Machine Nanodegree Program
Capstone Project Data.
The following text file explains how to obtain the data for the nanodegree project. The project's goal is to predict the time a patient is hospitalized based on the BMI (body mass index) and other additional features extracted from the medical "obesity paradox" previous studies.
We will use the MIMIC-III database to extract the project dataset. The MIMIC-III (‘Medical Information Mart for Intensive Care’) is a large, single-center database comprising information relating to patients admitted to critical care units at a large tertiary care hospital. Data includes vital signs, medications, laboratory measurements, observations and notes charted by care providers, fluid balance, procedure codes, diagnostic codes, imaging reports, hospital length of stay, survival data, and more. Because the database is not open source, it can not be access or shared freely; to get access to the database's records, training must be completed, and access has to be requested. The database can be obtained at (https://www.google.com/url?q=https://mimic.physionet.org/&sa=D&ust=1491769209941000&usg=AFQjCNHF2Y_9FzPHejpji9DryoOOfojFyA)

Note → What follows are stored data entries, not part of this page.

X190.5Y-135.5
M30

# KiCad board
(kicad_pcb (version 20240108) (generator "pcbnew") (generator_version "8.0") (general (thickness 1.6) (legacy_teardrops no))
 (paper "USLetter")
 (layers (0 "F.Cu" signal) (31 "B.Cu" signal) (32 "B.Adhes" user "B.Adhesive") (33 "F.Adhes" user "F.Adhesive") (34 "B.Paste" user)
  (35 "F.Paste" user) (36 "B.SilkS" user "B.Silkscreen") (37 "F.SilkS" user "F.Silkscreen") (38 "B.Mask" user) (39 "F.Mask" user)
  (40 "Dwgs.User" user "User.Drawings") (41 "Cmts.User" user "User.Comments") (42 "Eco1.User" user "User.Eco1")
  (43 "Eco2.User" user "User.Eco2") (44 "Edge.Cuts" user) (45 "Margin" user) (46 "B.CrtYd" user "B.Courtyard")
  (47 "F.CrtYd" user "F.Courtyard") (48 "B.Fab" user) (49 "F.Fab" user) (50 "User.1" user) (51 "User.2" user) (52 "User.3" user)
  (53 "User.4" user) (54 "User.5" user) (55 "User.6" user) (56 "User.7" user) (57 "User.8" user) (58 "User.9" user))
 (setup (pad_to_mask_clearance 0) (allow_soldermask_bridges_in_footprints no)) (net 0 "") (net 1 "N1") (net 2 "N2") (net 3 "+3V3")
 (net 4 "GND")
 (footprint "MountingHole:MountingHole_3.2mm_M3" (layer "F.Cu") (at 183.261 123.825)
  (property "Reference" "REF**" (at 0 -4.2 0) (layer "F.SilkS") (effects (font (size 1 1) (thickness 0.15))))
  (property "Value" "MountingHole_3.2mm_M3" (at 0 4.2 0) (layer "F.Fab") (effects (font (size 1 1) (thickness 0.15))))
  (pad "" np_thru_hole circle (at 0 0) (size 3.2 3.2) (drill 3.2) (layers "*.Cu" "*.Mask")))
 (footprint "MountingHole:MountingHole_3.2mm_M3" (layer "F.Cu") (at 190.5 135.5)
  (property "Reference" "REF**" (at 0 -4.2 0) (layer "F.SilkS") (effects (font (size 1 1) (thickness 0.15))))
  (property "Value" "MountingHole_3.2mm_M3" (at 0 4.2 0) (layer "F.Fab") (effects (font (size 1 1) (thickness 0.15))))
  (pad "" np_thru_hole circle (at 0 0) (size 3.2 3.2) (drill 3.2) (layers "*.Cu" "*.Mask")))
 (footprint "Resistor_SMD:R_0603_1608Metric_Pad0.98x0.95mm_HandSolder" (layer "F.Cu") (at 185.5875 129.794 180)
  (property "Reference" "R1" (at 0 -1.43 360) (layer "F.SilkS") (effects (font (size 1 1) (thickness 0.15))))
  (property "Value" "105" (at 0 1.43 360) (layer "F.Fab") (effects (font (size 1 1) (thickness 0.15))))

The features and tables’ names that I will use are shown below.
FEATURES
Body Mass Index: CHARTEVENTS table Sub-Set of Medical Conditions: DIAGNOSESICD table Age: PATIENT table Sex: PATIENT table
LABEL Admission Time Discharge Time (MIMIC admissions table): ADMISSION table
NOTE: The body mass index has to calculated from the height and weight values of the CHARTEVENTS table. MimicIII database doesn't have this stored directly.
INSTRUCTIONS TO CREATED THE DATA SET
- Install Eclipse BIRT report designer. (http://download.eclipse.org/birt/downloads/)

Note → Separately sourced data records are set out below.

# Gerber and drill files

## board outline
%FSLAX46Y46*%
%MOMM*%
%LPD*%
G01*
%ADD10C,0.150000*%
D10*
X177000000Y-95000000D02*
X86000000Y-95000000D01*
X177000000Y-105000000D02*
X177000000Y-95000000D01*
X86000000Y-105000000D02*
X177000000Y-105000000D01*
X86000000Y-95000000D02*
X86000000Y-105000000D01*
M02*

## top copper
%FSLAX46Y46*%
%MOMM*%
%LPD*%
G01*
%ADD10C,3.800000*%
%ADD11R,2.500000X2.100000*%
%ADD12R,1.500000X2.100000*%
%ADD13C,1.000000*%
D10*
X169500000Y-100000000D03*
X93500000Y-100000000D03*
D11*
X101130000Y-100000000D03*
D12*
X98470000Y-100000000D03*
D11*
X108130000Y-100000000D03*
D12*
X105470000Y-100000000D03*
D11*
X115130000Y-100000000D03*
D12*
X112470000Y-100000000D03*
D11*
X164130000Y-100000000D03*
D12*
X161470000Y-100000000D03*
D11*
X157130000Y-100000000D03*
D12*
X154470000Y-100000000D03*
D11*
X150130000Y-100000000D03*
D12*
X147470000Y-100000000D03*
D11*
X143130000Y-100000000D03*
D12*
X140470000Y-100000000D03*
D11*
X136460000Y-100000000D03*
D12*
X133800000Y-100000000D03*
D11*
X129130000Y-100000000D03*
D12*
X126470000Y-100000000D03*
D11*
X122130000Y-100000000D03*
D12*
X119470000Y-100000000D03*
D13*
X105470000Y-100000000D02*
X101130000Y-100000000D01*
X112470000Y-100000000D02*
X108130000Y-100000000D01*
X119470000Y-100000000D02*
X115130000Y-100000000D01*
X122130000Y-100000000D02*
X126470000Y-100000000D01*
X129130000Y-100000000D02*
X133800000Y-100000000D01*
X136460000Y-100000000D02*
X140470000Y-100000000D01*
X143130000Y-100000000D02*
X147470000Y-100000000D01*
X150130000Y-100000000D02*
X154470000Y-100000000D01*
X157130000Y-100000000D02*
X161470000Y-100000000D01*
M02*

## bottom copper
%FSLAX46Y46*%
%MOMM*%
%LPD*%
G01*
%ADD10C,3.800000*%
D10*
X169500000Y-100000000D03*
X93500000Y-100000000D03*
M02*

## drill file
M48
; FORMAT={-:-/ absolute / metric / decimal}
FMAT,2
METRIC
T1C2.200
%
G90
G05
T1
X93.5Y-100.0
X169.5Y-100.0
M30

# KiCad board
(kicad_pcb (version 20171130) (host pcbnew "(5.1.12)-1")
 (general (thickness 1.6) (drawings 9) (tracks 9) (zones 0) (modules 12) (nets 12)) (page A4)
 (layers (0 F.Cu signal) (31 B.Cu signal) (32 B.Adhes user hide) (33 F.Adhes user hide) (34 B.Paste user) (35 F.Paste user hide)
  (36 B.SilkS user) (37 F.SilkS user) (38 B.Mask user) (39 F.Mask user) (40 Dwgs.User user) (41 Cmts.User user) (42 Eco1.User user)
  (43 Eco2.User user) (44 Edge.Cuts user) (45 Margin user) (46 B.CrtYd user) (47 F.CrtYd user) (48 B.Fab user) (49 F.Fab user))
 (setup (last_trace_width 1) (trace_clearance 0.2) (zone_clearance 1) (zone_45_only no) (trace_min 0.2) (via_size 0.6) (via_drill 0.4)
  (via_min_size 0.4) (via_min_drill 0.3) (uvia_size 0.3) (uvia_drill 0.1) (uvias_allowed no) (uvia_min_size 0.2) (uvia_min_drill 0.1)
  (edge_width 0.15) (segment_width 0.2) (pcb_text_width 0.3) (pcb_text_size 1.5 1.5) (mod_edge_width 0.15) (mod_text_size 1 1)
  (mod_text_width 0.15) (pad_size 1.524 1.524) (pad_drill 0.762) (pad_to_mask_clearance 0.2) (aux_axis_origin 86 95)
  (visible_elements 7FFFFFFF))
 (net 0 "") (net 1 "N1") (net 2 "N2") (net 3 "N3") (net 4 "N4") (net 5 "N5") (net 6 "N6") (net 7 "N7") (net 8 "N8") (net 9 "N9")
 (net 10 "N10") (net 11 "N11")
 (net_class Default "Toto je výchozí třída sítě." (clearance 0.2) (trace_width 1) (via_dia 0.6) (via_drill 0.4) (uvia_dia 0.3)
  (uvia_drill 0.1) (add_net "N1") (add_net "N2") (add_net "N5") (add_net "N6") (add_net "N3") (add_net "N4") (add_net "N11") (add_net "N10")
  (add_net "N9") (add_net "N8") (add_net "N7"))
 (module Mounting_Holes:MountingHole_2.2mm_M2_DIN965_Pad (layer F.Cu) (at 169.5 100)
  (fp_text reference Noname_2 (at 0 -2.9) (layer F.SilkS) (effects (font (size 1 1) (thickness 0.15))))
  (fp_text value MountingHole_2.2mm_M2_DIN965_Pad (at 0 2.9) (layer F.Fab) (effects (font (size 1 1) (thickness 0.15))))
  (pad 1 thru_hole circle (at 0 0) (size 3.8 3.8) (drill 2.2) (layers *.Cu *.Mask F.SilkS)))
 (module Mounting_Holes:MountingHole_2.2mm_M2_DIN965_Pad (layer F.Cu) (at 93.5 100)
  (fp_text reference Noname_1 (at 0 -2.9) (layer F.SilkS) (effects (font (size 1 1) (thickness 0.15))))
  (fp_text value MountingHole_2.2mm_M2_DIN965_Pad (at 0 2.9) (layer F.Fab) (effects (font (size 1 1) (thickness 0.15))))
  (pad 1 thru_hole circle (at 0 0) (size 3.8 3.8) (drill 2.2) (layers *.Cu *.Mask F.SilkS)))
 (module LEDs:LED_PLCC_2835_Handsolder (layer F.Cu) (at 100 100)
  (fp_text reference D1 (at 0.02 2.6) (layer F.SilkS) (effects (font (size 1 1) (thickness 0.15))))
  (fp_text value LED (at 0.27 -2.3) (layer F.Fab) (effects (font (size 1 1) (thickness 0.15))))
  (pad 1 smd rect (at 1.13 0) (size 2.5 2.1) (layers F.Cu F.Paste F.Mask) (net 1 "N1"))
  (pad 2 smd rect (at -1.53 0) (size 1.5 2.1) (layers F.Cu F.Paste F.Mask) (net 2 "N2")))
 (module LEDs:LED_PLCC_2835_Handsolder (layer F.Cu) (at 107 100)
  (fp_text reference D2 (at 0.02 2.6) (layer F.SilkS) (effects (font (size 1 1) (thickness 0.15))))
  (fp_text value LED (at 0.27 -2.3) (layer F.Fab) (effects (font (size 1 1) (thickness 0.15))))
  (pad 1 smd rect (at 1.13 0) (size 2.5 2.1) (layers F.Cu F.Paste F.Mask) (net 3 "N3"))
  (pad 2 smd rect (at -1.53 0) (size 1.5 2.1) (layers F.Cu F.Paste F.Mask) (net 1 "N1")))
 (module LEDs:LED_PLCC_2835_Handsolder (layer F.Cu) (at 114 100)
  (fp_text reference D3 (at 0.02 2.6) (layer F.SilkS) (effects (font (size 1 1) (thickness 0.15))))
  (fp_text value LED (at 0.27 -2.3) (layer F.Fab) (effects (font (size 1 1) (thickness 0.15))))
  (pad 1 smd rect (at 1.13 0) (size 2.5 2.1) (layers F.Cu F.Paste F.Mask) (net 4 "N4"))
  (pad 2 smd rect (at -1.53 0) (size 1.5 2.1) (layers F.Cu F.Paste F.Mask) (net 3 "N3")))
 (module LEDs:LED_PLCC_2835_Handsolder (layer F.Cu) (at 163 100)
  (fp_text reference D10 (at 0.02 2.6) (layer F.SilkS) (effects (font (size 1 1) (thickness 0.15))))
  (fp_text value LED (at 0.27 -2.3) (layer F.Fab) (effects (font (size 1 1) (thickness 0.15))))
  (pad 1 smd rect (at 1.13 0) (size 2.5 2.1) (layers F.Cu F.Paste F.Mask) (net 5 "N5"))
  (pad 2 smd rect (at -1.53 0) (size 1.5 2.1) (layers F.Cu F.Paste F.Mask) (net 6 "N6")))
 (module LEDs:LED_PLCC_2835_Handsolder (layer F.Cu) (at 156 100)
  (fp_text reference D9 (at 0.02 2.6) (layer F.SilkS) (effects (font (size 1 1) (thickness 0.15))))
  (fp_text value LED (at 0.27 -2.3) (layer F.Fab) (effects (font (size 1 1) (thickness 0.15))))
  (pad 1 smd rect (at 1.13 0) (size 2.5 2.1) (layers F.Cu F.Paste F.Mask) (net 6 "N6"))
  (pad 2 smd rect (at -1.53 0) (size 1.5 2.1) (layers F.Cu F.Paste F.Mask) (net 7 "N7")))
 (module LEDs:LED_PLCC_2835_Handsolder (layer F.Cu) (at 149 100)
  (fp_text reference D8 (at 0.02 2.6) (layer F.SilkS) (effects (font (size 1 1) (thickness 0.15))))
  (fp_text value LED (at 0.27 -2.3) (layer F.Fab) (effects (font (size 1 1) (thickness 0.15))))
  (pad 1 smd rect (at 1.13 0) (size 2.5 2.1) (layers F.Cu F.Paste F.Mask) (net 7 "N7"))
  (pad 2 smd rect (at -1.53 0) (size 1.5 2.1) (layers F.Cu F.Paste F.Mask) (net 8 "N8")))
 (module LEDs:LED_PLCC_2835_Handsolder (layer F.Cu) (at 142 100)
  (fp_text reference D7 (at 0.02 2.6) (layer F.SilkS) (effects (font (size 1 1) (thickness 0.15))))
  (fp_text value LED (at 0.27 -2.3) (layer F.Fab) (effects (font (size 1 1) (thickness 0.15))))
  (pad 1 smd rect (at 1.13 0) (size 2.5 2.1) (layers F.Cu F.Paste F.Mask) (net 8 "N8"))
  (pad 2 smd rect (at -1.53 0) (size 1.5 2.1) (layers F.Cu F.Paste F.Mask) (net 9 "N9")))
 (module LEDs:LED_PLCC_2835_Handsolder (layer F.Cu) (at 135.33 100)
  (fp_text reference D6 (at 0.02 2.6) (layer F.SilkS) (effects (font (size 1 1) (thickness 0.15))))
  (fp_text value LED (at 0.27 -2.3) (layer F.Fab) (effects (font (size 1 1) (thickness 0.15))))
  (pad 1 smd rect (at 1.13 0) (size 2.5 2.1) (layers F.Cu F.Paste F.Mask) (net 9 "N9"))
  (pad 2 smd rect (at -1.53 0) (size 1.5 2.1) (layers F.Cu F.Paste F.Mask) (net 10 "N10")))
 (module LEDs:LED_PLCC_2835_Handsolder (layer F.Cu) (at 128 100)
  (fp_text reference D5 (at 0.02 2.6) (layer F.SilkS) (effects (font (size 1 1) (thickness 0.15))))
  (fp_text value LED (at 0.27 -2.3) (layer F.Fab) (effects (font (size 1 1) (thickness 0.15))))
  (pad 1 smd rect (at 1.13 0) (size 2.5 2.1) (layers F.Cu F.Paste F.Mask) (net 10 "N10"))
  (pad 2 smd rect (at -1.53 0) (size 1.5 2.1) (layers F.Cu F.Paste F.Mask) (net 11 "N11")))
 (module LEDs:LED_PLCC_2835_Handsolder (layer F.Cu) (at 121 100)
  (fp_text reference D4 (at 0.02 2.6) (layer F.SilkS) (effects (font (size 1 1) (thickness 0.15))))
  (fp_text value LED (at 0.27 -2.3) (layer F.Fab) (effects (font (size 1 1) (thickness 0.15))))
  (pad 1 smd rect (at 1.13 0) (size 2.5 2.1) (layers F.Cu F.Paste F.Mask) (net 11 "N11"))
  (pad 2 smd rect (at -1.53 0) (size 1.5 2.1) (layers F.Cu F.Paste F.Mask) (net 4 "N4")))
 (gr_line (start 177 95) (end 86 95) (layer Edge.Cuts) (width 0.15))
 (gr_line (start 177 105) (end 177 95) (layer Edge.Cuts) (width 0.15))
 (gr_line (start 86 105) (end 177 105) (layer Edge.Cuts) (width 0.15))
 (gr_line (start 86 95) (end 86 105) (layer Edge.Cuts) (width 0.15))
 (segment (start 105.47 100) (end 101.13 100) (width 1) (layer F.Cu) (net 1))
 (segment (start 112.47 100) (end 108.13 100) (width 1) (layer F.Cu) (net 3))
 (segment (start 119.47 100) (end 115.13 100) (width 1) (layer F.Cu) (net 4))
 (segment (start 122.13 100) (end 126.47 100) (width 1) (layer F.Cu) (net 11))
 (segment (start 129.13 100) (end 133.8 100) (width 1) (layer F.Cu) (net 10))
 (segment (start 136.46 100) (end 140.47 100) (width 1) (layer F.Cu) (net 9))
 (segment (start 143.13 100) (end 147.47 100) (width 1) (layer F.Cu) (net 8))
 (segment (start 150.13 100) (end 154.47 100) (width 1) (layer F.Cu) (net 7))
 (segment (start 157.13 100) (end 161.47 100) (width 1) (layer F.Cu) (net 6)))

- Gain access to the MIMIC-III database by following the steps at “https://mimic.physionet.org/gettingstarted/access/.“
- Rebuild the database using the instructions at https://mimic.physionet.org/tutorials/install-mimic-locally-ubuntu/.
- Once the database is up and running, in this package you will find a file called eclipse-birt-mimiciii-dataset-report.zip¨, this file contains an ECLIPSE BIRT workbench report design file that can be imported to an ECLIPSE BIRT installation to recreate the dataset used in this project. You will have to perform a minor modification to the imported eclipse report. The data source needs to point to your instance of the MIMIC-III database, after that just run it and it will create the dataset used in this project.

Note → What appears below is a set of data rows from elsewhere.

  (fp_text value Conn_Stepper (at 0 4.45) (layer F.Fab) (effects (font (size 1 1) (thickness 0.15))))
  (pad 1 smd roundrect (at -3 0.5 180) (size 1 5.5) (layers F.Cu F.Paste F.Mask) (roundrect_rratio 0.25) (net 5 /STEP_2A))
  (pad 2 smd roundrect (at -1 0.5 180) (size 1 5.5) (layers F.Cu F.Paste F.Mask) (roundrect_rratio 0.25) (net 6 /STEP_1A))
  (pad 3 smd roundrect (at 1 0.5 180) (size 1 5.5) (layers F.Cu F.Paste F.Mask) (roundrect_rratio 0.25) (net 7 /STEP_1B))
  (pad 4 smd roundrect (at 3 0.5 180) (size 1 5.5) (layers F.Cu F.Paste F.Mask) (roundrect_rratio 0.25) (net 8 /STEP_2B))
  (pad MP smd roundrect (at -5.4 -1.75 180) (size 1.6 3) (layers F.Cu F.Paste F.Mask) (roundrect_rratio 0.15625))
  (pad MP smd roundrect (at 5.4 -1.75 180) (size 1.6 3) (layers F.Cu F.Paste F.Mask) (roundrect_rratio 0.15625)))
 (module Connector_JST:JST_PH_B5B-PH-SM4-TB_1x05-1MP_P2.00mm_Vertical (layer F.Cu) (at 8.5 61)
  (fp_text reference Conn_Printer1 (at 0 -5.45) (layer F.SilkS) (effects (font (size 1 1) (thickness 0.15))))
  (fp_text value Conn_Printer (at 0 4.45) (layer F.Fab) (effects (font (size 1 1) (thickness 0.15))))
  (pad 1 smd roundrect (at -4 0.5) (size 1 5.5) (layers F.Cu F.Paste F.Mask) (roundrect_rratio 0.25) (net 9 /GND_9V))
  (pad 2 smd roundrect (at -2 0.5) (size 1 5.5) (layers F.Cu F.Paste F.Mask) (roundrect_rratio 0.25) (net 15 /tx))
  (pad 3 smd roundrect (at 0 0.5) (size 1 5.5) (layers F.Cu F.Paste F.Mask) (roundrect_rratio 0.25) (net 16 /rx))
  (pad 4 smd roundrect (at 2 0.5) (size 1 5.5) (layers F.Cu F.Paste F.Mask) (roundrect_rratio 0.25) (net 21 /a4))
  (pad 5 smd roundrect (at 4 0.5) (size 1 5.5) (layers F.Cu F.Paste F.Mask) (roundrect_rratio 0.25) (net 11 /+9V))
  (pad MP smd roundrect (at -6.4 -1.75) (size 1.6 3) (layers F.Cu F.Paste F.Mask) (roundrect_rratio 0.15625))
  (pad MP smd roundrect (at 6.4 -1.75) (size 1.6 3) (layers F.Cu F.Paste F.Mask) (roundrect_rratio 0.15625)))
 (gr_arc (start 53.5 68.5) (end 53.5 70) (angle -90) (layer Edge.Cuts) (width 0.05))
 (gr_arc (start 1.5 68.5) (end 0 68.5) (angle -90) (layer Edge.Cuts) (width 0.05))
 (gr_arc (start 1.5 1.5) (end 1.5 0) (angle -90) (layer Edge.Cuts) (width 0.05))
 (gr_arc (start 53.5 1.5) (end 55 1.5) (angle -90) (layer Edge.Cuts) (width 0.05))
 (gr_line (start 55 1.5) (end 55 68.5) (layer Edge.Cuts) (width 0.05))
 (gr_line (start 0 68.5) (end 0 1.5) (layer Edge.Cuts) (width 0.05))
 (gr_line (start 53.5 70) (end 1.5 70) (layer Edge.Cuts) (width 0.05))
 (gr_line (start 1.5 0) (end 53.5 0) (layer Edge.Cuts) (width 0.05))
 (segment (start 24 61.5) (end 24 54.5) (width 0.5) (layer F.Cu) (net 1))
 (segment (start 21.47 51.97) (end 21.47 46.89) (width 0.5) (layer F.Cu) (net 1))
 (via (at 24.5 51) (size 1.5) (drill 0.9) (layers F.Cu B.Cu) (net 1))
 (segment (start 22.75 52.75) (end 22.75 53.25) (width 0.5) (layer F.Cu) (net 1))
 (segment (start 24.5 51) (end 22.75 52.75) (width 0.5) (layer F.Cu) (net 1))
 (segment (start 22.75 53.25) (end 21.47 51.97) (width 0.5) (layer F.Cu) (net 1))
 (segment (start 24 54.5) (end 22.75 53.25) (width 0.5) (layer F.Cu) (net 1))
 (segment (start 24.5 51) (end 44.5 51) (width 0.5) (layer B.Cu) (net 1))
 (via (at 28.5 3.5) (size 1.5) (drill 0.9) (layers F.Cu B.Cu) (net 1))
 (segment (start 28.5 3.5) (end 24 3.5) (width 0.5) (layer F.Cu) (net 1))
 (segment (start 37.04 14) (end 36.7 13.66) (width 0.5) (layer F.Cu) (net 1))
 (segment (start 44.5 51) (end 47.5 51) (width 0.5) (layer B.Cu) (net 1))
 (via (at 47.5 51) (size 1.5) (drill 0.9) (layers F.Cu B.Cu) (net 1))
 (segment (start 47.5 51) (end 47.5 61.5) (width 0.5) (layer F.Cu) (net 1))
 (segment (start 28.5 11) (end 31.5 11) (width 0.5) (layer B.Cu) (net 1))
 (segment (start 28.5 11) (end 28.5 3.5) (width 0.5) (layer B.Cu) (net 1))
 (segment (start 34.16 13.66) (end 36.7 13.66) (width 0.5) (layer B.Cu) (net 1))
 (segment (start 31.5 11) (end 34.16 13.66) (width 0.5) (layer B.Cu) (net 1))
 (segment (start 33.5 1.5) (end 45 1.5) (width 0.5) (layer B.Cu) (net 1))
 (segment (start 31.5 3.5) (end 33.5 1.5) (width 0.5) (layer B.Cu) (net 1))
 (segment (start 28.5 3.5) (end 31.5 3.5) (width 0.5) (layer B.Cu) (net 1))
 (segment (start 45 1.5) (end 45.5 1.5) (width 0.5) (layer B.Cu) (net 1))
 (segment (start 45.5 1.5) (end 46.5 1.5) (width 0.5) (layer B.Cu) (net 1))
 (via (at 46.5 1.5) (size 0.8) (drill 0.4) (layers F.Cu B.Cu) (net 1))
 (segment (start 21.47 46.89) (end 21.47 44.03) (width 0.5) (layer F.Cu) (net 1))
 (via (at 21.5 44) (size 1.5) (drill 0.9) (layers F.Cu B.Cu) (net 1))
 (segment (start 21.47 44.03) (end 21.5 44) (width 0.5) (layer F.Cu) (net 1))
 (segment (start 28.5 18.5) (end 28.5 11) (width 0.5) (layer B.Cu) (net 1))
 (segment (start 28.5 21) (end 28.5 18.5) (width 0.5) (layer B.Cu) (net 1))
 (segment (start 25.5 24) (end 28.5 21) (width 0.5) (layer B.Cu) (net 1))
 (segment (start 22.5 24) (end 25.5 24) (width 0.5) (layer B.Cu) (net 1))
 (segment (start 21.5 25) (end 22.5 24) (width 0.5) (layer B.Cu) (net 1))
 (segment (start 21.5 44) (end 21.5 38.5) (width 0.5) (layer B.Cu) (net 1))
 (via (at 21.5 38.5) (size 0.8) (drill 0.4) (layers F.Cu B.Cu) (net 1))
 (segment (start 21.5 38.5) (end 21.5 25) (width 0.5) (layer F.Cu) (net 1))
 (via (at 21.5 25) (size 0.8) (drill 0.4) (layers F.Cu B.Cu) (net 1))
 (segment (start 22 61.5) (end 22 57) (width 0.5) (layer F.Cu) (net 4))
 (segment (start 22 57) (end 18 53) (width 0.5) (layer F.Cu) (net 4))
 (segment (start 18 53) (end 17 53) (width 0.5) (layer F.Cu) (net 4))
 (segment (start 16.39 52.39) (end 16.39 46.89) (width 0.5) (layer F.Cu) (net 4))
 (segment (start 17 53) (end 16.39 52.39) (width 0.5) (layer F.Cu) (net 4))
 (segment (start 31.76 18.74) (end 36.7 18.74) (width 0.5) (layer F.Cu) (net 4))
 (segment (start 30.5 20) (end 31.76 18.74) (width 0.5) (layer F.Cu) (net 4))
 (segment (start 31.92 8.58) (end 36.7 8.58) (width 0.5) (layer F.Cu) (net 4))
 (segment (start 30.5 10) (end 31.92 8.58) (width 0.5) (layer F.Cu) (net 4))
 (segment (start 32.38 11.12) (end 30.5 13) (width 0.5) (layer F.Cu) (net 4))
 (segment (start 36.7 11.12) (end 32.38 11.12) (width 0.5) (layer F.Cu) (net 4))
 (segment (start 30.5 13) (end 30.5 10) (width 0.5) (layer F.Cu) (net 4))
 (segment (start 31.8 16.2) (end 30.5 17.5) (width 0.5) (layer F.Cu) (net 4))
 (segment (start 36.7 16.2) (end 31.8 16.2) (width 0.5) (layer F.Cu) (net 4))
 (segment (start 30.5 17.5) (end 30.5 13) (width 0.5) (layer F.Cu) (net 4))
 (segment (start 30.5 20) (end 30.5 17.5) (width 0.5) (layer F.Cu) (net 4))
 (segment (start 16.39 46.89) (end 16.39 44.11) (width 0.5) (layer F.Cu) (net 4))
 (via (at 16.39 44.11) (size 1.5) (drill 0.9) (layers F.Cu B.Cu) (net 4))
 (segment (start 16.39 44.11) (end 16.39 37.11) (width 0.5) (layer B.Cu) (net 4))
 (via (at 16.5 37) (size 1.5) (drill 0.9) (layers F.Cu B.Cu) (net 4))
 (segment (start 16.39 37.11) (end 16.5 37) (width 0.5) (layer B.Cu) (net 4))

- I replaced some data sets records from 300 to 89 using excel after exporting the Birt report to a CSV file. You can do the same in BIRT before exporting the data or after using Python code, just don’t forget to do it.
- Finally, run the Jupiter notebook included in this package.
NOTE: Once the file has been imported, you will have to modify the report "DataSource" object to point to the PostgreSQL installation where the MIMICIII database resides.